The Irish political and social institution that made the deepest impression
on Canada was undoubtedly the Orange Order. In a country with a deeply
conservative, loyal and Protestant tradition, the Orange Order found
ideal conditions to flourish. Towards the end of the 19th century, Orangeism
contributed to the English Canadian imperialist vision of a strong Canada
playing an active and dynamic role in the British Empire. Orangemen
called for Canadian unity under one flag, one language and one school
system. With its prohibition of Catholics as members, its anti-Catholic
oaths, toasts and jests and its evocative damnation of the Great Whore
of Rome (the Pope), the Orange Order also brought severe sectarian prejudices
into Canada. 15
For their part, Irish Catholics seem to have been equally prejudiced
against Protestants (though, because they were in a minority in most
communities, they were hardly as loud-spoken about it). Anti-Protestant
feeling took its most explicit form when Catholics campaigned against
their children being taught in the same schools as Protestants. Adopting
tactics that had been employed successfully in Ireland, the Catholic
authorities in most parts of Canada eventually won government agreement
for some degree of support for a Catholic school system, and achieved
educational segregation, still active today. 16
The Irish system of education became enormously influential in British
North America. In Ontario, the content of the school curriculum was
imported directly from Ireland. When the educational reformer Egerton
Ryerson took control of the Ontario school system in the 1840s, he introduced
Irish texts schools. By the time of Confederation in 1867, virtually
all young people of English, Scottish and Irish ethnicity in Ontario
had acquired their ideas of political loyalty and were taught moral
values through a curriculum that had been designed specifically for
Ireland! 17
In addition to its curriculum,
Ontario's educational structure was also taken from Ireland. Ryerson
adopted the Irish system of a strong central authority that controlled
what was taught in schools, that operated a "normal school"

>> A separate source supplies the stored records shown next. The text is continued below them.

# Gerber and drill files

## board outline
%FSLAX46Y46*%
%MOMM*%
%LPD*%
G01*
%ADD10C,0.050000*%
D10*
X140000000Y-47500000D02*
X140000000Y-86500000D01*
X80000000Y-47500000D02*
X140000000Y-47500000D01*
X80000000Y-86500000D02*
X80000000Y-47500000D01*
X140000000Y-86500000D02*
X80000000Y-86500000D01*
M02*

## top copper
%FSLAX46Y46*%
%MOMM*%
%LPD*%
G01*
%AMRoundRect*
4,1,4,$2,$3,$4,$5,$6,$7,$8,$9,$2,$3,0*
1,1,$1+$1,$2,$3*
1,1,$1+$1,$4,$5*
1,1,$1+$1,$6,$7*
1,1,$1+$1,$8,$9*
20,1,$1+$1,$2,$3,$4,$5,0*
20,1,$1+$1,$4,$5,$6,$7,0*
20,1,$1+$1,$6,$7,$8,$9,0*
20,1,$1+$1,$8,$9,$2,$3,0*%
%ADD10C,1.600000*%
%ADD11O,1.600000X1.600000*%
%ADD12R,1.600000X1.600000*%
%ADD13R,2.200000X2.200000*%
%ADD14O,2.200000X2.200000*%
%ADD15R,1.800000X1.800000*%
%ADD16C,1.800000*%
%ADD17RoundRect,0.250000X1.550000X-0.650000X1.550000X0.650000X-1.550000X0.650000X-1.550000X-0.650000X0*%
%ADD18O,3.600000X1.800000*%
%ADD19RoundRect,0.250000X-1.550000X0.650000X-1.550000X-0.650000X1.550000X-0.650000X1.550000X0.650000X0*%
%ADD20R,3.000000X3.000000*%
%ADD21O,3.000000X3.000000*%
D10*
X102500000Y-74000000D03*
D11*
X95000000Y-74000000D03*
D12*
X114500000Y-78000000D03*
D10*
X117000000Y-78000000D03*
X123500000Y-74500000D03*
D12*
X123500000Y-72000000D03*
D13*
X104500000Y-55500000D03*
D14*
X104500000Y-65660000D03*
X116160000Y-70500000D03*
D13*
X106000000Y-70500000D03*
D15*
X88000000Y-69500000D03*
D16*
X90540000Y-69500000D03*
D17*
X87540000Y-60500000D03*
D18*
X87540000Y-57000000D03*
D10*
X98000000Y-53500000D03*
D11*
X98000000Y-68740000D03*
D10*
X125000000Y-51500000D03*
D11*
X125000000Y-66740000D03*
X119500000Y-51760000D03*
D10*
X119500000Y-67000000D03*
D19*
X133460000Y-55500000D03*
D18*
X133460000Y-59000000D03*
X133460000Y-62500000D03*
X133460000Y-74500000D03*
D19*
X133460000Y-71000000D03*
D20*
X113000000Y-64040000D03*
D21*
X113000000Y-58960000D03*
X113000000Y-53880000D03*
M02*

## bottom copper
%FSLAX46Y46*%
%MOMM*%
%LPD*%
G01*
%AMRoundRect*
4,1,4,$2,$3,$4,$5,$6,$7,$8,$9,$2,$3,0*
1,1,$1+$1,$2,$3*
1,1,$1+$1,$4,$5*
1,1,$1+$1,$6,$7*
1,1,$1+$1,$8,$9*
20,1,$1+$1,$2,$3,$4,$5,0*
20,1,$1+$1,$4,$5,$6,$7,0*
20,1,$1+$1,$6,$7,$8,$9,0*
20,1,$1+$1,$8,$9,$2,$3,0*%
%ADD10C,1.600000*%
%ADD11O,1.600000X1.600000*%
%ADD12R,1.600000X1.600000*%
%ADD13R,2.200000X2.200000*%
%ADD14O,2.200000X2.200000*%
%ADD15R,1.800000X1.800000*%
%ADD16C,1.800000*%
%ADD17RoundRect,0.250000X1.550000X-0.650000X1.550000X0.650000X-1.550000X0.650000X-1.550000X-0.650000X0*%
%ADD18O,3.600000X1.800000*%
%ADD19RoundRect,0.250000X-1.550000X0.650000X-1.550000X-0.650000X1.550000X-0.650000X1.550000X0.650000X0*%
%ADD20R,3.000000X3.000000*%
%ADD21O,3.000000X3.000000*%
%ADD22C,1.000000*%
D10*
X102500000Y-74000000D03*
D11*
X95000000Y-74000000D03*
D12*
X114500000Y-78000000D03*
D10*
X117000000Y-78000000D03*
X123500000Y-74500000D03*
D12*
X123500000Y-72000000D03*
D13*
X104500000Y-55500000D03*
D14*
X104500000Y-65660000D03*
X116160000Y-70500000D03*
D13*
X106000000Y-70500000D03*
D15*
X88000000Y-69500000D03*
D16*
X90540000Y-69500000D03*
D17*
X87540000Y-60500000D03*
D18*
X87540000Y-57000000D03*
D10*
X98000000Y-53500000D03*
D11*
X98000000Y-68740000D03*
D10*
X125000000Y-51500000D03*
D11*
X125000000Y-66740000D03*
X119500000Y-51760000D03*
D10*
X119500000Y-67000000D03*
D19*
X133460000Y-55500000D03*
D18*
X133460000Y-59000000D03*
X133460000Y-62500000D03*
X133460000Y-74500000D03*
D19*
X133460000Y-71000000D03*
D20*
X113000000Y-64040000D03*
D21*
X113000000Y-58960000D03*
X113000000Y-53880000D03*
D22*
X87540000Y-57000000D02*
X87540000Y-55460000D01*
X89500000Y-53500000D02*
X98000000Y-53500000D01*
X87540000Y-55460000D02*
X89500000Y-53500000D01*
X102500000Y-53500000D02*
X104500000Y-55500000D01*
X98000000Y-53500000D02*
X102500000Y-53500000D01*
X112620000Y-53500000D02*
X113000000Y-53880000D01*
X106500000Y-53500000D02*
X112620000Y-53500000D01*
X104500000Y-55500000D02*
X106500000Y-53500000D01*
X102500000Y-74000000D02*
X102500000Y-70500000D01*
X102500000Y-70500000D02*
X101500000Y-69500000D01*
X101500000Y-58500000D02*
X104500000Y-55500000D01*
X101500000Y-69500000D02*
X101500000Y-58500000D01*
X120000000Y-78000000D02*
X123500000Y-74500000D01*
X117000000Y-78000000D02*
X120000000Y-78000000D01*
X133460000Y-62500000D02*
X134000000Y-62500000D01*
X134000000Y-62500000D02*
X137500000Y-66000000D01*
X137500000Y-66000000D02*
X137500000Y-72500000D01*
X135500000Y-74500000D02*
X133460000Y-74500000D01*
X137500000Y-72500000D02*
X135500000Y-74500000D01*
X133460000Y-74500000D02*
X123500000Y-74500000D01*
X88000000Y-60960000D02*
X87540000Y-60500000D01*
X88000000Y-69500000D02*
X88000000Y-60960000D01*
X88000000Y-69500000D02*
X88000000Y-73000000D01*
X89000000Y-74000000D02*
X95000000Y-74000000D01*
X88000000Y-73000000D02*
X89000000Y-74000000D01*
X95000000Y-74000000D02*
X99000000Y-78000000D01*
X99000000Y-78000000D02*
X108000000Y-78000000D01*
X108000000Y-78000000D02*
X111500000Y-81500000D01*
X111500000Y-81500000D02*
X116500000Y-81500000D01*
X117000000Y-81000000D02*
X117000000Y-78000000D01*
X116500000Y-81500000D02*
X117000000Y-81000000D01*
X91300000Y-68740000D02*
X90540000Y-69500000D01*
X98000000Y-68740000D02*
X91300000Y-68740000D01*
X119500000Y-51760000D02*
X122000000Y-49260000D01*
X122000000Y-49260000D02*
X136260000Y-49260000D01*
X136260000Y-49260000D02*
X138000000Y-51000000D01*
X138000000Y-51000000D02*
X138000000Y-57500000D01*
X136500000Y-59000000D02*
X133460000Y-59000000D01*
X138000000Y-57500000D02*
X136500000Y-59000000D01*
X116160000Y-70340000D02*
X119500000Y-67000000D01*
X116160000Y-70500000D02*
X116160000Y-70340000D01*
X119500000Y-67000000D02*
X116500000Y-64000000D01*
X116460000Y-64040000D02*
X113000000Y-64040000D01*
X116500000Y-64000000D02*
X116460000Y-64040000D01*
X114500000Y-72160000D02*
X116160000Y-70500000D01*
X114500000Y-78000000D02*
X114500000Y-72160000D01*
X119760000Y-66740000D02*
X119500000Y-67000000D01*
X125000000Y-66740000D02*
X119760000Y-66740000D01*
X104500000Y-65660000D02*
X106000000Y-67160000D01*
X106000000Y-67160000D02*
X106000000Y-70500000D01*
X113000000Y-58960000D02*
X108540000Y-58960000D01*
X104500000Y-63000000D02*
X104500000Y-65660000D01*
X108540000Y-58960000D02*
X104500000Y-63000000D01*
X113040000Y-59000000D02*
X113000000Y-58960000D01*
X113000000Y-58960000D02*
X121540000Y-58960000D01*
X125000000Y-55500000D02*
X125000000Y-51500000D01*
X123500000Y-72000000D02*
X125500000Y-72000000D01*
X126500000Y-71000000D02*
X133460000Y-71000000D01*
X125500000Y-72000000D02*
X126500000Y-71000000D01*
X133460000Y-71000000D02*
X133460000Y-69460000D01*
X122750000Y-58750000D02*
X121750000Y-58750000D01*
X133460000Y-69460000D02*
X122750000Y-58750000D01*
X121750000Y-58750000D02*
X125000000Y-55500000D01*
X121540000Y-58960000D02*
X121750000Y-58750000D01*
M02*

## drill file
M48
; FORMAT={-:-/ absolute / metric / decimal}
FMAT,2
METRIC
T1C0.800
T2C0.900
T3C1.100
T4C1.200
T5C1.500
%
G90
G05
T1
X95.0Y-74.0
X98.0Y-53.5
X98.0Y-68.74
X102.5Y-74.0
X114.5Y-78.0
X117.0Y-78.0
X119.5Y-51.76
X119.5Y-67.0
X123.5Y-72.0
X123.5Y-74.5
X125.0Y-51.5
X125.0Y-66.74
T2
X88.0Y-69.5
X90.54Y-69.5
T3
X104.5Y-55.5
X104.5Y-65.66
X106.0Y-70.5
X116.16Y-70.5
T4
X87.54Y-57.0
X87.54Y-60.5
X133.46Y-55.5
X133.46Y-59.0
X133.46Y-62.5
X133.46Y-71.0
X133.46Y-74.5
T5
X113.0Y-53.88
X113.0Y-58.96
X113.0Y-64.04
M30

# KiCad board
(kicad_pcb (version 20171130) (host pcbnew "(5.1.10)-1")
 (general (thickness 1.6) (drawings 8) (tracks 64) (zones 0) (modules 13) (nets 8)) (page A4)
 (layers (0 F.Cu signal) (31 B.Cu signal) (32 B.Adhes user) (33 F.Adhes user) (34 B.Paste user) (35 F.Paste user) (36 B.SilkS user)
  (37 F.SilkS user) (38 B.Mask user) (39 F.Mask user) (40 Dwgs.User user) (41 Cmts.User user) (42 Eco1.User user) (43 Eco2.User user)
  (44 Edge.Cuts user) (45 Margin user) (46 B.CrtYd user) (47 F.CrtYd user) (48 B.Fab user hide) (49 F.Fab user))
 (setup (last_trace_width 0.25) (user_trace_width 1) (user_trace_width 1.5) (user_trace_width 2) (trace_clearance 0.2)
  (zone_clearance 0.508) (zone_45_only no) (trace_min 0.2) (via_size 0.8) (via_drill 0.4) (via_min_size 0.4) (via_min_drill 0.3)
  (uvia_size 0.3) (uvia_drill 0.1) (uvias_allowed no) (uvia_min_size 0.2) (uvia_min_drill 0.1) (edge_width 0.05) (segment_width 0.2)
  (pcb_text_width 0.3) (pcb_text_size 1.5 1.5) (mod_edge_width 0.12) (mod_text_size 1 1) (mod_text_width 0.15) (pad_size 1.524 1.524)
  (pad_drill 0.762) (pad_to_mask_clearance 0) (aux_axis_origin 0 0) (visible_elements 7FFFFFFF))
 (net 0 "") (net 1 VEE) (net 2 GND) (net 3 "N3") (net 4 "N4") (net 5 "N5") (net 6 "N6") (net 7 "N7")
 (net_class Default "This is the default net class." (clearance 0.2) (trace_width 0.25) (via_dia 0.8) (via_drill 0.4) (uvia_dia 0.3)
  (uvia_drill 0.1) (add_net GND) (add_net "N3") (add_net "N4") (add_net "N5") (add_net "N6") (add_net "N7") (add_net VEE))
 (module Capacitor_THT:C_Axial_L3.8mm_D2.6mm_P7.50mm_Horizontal (layer F.Cu) (at 102.5 74 180)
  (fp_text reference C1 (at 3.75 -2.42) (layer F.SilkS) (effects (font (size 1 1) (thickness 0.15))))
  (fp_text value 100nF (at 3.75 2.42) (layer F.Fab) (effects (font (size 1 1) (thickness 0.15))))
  (pad 1 thru_hole circle (at 0 0 180) (size 1.6 1.6) (drill 0.8) (layers *.Cu *.Mask) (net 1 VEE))
  (pad 2 thru_hole oval (at 7.5 0 180) (size 1.6 1.6) (drill 0.8) (layers *.Cu *.Mask) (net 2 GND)))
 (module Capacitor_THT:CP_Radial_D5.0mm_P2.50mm (layer F.Cu) (at 114.5 78)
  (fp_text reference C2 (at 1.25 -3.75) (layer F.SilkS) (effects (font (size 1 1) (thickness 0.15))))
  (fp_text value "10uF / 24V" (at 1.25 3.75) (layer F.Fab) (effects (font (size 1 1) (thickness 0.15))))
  (pad 1 thru_hole rect (at 0 0) (size 1.6 1.6) (drill 0.8) (layers *.Cu *.Mask) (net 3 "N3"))
  (pad 2 thru_hole circle (at 2.5 0) (size 1.6 1.6) (drill 0.8) (layers *.Cu *.Mask) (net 2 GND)))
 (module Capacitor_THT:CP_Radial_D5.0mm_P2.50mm (layer F.Cu) (at 123.5 72 270)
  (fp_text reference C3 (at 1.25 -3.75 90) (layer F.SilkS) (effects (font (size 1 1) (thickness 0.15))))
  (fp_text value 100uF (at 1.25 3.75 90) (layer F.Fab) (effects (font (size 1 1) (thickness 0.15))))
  (pad 2 thru_hole circle (at 2.5 0 270) (size 1.6 1.6) (drill 0.8) (layers *.Cu *.Mask) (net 2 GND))
  (pad 1 thru_hole rect (at 0 0 270) (size 1.6 1.6) (drill 0.8) (layers *.Cu *.Mask) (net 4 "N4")))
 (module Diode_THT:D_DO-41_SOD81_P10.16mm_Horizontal (layer F.Cu) (at 104.5 55.5 270)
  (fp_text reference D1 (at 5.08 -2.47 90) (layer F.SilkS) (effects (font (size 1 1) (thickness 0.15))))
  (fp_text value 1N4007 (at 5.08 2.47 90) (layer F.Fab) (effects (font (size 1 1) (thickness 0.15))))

to train teachers, and that attempted to improve teacher qualifications.
At the same time, Ontario followed Irish patterns of giving local school
boards day-to-day control of the schools and of teacher employment policy.
This Irish-based system was then transferred to British Columbia, and
later to the Northwest Territories and Manitoba. 18
Endnotes
1 - 18 Wilson, David, The Irish in Canada, Canada's Ethnic
Groups, Canadian Historical Society, 1989
The Canadian Encyclopedia 2000 McClelland and Stewart.